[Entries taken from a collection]
____________________

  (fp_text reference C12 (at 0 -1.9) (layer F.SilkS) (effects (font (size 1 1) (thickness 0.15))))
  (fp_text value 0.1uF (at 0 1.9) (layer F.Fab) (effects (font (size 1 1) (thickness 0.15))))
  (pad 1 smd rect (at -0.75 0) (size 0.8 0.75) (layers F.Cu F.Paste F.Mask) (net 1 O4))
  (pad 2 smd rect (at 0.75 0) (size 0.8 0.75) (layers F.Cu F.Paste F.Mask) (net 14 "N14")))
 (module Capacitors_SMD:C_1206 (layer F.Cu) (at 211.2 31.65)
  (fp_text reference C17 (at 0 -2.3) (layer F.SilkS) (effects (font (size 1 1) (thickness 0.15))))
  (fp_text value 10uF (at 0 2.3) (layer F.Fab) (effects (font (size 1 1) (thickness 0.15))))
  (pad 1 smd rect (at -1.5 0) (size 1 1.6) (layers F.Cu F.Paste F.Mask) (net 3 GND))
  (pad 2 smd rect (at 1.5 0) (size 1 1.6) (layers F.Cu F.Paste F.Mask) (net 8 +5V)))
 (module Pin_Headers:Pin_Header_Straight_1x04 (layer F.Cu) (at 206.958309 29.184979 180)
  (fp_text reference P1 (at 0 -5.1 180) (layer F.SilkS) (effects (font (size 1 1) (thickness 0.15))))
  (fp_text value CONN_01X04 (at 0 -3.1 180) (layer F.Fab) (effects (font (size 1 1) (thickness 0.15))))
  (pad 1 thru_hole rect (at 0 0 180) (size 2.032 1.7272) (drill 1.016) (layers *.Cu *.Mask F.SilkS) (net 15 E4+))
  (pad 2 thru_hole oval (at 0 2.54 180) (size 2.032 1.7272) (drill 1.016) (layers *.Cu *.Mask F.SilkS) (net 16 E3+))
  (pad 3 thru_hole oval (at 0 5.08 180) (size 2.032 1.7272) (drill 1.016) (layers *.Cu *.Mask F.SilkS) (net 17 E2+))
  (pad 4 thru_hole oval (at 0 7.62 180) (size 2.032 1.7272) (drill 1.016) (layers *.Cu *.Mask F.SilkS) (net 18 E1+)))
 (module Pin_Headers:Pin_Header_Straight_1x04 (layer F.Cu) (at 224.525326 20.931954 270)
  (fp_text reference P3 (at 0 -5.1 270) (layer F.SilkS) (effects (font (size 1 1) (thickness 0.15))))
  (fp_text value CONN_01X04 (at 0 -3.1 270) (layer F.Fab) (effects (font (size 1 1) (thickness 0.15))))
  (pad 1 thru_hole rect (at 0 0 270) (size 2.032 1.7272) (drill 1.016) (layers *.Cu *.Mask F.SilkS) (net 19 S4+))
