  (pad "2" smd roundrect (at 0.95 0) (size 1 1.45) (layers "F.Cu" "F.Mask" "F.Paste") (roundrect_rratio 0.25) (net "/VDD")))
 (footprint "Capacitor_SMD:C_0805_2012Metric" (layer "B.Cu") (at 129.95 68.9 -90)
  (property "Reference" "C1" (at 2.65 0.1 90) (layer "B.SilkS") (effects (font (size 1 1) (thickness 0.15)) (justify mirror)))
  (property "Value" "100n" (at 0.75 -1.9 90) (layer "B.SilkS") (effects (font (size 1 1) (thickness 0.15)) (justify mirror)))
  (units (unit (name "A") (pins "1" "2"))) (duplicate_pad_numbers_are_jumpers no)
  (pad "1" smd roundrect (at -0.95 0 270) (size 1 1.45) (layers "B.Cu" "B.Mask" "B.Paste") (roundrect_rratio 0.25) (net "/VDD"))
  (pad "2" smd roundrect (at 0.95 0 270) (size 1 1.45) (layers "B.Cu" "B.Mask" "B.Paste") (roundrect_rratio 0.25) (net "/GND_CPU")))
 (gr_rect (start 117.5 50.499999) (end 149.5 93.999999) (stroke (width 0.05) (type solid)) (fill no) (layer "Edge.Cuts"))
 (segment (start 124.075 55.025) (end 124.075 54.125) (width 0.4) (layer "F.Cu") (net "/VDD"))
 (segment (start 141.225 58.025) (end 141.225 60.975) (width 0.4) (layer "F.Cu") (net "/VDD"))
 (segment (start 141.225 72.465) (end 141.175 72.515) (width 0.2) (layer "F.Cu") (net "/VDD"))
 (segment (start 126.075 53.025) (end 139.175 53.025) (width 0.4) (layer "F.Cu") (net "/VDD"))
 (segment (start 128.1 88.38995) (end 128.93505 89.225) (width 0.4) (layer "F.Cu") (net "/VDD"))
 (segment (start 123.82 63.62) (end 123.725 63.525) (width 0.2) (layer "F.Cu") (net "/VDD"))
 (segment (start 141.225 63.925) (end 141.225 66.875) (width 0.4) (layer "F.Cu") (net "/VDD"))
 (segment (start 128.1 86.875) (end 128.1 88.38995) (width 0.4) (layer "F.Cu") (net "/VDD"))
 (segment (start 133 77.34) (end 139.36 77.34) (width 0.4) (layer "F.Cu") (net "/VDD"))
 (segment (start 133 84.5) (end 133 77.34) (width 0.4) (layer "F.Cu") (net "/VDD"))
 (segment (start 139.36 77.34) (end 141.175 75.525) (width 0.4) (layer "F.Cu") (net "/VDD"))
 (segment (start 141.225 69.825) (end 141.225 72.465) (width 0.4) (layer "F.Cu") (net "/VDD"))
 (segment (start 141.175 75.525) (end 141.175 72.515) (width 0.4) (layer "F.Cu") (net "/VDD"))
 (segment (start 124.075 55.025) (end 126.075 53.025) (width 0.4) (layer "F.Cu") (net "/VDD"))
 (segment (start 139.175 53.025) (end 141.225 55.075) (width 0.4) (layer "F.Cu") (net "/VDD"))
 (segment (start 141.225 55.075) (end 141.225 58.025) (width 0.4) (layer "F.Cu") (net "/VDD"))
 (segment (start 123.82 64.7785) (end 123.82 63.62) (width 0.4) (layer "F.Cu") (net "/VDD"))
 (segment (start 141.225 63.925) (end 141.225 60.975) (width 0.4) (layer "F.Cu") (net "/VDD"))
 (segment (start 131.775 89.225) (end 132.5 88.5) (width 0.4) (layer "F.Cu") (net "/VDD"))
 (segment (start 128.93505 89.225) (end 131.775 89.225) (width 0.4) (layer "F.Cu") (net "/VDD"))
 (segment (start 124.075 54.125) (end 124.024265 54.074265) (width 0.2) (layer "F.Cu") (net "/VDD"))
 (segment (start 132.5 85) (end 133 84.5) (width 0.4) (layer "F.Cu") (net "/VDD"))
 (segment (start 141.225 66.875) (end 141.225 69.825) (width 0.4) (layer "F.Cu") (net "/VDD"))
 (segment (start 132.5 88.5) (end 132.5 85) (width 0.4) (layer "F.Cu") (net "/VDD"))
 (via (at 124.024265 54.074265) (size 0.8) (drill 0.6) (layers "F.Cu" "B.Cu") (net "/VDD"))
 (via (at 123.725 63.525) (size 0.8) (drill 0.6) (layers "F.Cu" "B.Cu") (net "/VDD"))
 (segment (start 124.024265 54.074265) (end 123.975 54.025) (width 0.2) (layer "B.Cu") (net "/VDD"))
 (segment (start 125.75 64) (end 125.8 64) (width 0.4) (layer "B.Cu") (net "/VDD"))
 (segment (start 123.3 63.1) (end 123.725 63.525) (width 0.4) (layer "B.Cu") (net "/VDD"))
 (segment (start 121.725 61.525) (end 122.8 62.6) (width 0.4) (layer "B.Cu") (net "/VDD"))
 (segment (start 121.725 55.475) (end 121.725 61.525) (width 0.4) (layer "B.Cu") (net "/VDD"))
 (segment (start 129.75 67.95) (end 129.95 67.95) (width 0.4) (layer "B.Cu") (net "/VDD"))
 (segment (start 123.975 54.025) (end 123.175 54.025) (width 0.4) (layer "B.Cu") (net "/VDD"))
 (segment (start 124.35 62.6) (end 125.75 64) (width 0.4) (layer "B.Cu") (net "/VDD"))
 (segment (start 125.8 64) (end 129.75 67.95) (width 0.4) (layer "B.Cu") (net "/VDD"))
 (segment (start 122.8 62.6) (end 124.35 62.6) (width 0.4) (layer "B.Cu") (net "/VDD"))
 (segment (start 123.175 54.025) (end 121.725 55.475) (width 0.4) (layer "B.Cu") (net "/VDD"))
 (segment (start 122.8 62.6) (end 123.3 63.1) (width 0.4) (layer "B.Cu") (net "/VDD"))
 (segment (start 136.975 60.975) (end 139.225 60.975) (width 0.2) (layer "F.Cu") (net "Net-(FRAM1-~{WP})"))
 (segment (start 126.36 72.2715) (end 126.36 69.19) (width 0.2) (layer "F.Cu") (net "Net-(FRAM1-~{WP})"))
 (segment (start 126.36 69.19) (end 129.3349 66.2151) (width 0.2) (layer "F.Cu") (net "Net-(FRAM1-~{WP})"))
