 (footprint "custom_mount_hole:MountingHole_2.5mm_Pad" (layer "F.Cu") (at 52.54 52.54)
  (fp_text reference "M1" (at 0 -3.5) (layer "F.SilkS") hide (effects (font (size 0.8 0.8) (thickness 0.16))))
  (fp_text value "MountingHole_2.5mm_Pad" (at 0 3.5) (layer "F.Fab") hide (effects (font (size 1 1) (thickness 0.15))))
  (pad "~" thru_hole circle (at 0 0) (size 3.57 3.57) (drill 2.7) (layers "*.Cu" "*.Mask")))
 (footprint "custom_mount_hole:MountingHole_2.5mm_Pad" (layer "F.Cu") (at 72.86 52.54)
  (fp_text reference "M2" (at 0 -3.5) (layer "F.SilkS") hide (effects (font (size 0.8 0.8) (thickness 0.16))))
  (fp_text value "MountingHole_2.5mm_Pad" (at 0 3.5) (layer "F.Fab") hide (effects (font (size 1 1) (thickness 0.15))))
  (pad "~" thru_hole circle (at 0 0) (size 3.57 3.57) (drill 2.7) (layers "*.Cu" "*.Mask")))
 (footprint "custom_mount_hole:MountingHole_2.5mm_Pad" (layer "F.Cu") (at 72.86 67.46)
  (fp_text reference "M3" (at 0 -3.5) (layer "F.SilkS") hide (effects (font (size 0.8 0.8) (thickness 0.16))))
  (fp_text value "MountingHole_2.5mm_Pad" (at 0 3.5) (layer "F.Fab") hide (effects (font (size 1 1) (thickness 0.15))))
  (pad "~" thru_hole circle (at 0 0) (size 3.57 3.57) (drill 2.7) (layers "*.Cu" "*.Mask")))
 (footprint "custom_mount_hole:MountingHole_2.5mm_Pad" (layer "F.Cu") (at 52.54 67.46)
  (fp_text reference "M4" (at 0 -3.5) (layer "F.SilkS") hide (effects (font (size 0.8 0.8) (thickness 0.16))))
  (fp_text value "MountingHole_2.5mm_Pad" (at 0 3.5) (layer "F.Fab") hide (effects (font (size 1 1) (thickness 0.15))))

____________________

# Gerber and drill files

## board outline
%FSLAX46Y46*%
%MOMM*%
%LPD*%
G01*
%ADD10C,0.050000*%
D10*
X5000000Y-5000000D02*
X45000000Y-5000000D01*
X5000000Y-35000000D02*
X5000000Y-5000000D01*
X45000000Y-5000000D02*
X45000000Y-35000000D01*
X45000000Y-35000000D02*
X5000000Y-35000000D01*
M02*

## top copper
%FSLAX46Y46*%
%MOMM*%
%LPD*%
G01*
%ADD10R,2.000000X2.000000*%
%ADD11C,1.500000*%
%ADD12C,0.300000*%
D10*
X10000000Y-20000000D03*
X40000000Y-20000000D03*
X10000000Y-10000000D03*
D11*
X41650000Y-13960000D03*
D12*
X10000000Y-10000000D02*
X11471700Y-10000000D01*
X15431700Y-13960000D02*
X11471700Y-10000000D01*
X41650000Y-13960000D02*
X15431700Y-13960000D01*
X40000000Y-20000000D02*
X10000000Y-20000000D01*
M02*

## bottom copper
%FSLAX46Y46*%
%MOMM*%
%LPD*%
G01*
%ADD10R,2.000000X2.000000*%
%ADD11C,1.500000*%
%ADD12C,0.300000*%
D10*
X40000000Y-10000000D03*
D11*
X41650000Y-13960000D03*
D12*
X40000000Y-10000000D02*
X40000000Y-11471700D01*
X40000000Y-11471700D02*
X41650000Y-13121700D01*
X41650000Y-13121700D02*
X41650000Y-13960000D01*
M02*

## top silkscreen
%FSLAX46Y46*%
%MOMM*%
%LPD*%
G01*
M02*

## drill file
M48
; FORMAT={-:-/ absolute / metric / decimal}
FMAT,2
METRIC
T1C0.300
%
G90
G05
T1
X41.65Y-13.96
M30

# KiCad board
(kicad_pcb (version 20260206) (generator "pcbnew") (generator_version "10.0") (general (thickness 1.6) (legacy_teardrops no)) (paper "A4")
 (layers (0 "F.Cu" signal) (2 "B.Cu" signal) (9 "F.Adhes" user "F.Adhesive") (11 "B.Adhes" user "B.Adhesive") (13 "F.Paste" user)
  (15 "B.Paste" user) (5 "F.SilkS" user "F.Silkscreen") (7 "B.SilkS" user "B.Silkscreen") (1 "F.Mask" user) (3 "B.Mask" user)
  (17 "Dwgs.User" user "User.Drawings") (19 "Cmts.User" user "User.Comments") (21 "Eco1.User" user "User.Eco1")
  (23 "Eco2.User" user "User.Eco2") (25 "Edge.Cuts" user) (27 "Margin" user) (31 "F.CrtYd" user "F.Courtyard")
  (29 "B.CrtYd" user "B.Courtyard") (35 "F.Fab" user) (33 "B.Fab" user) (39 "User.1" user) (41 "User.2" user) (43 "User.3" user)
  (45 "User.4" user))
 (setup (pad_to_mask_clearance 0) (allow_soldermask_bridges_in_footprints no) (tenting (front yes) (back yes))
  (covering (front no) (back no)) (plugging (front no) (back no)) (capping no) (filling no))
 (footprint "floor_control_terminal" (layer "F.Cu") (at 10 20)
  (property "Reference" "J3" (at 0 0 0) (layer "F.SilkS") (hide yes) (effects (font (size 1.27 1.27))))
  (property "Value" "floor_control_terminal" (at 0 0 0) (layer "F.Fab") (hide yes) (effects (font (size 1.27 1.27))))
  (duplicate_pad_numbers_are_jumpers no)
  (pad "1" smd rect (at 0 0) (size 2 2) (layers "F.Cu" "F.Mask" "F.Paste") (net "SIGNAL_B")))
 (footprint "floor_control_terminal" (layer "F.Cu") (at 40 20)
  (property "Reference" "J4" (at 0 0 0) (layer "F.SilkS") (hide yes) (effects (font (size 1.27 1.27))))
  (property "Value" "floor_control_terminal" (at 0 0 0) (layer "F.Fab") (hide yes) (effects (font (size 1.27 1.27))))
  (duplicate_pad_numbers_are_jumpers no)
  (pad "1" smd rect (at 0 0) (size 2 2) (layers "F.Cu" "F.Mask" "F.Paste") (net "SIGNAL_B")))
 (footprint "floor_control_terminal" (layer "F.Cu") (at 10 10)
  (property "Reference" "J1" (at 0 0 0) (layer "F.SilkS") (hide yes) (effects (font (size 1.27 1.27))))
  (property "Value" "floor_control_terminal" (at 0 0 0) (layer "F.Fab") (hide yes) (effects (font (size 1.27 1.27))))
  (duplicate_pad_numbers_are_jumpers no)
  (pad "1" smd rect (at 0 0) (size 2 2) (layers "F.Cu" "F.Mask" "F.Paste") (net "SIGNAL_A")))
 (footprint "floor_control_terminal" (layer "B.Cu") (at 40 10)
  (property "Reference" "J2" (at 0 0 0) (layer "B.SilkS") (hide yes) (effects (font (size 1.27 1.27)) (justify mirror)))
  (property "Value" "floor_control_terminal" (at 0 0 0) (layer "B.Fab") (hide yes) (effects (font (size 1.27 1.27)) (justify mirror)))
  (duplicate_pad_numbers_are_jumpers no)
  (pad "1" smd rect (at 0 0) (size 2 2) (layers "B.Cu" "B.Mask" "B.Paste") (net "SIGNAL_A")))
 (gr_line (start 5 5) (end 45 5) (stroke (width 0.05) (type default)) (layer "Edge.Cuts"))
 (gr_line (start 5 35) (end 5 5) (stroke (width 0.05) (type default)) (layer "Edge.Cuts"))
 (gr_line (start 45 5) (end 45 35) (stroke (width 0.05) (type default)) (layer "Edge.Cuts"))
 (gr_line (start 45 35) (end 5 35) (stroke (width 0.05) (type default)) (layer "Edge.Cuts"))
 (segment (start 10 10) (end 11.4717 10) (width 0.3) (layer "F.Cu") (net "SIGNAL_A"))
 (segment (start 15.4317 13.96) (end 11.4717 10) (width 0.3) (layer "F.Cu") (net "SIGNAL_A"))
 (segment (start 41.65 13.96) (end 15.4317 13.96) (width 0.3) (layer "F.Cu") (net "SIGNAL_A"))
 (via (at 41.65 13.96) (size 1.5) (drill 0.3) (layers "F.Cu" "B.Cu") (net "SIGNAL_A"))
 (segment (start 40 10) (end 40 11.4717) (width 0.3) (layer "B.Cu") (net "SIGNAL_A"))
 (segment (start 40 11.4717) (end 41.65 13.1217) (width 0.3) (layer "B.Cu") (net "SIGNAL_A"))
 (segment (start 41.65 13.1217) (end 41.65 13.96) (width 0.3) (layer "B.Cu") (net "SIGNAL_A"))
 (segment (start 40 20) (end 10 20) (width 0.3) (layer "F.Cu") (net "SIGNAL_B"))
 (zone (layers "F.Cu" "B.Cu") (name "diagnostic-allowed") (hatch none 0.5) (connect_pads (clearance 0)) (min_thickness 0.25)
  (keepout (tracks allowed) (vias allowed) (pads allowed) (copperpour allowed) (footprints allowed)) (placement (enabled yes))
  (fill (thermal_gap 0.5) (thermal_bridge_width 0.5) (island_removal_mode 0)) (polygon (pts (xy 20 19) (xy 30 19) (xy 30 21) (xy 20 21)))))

____________________

### Exercise objective
Word for word, restate the lines of the data above that fall between the line holding "(fp_text reference P3" and the line holding "(at 2.65 0.1", inclusive, and no other lines.

### Response area
  (fp_text reference P3 (at 0 -5.1 270) (layer F.SilkS) (effects (font (size 1 1) (thickness 0.15))))
  (fp_text value CONN_01X04 (at 0 -3.1 270) (layer F.Fab) (effects (font (size 1 1) (thickness 0.15))))
  (pad 1 thru_hole rect (at 0 0 270) (size 2.032 1.7272) (drill 1.016) (layers *.Cu *.Mask F.SilkS) (net 19 S4+))
  (pad "2" smd roundrect (at 0.95 0) (size 1 1.45) (layers "F.Cu" "F.Mask" "F.Paste") (roundrect_rratio 0.25) (net "/VDD")))
 (footprint "Capacitor_SMD:C_0805_2012Metric" (layer "B.Cu") (at 129.95 68.9 -90)
  (property "Reference" "C1" (at 2.65 0.1 90) (layer "B.SilkS") (effects (font (size 1 1) (thickness 0.15)) (justify mirror)))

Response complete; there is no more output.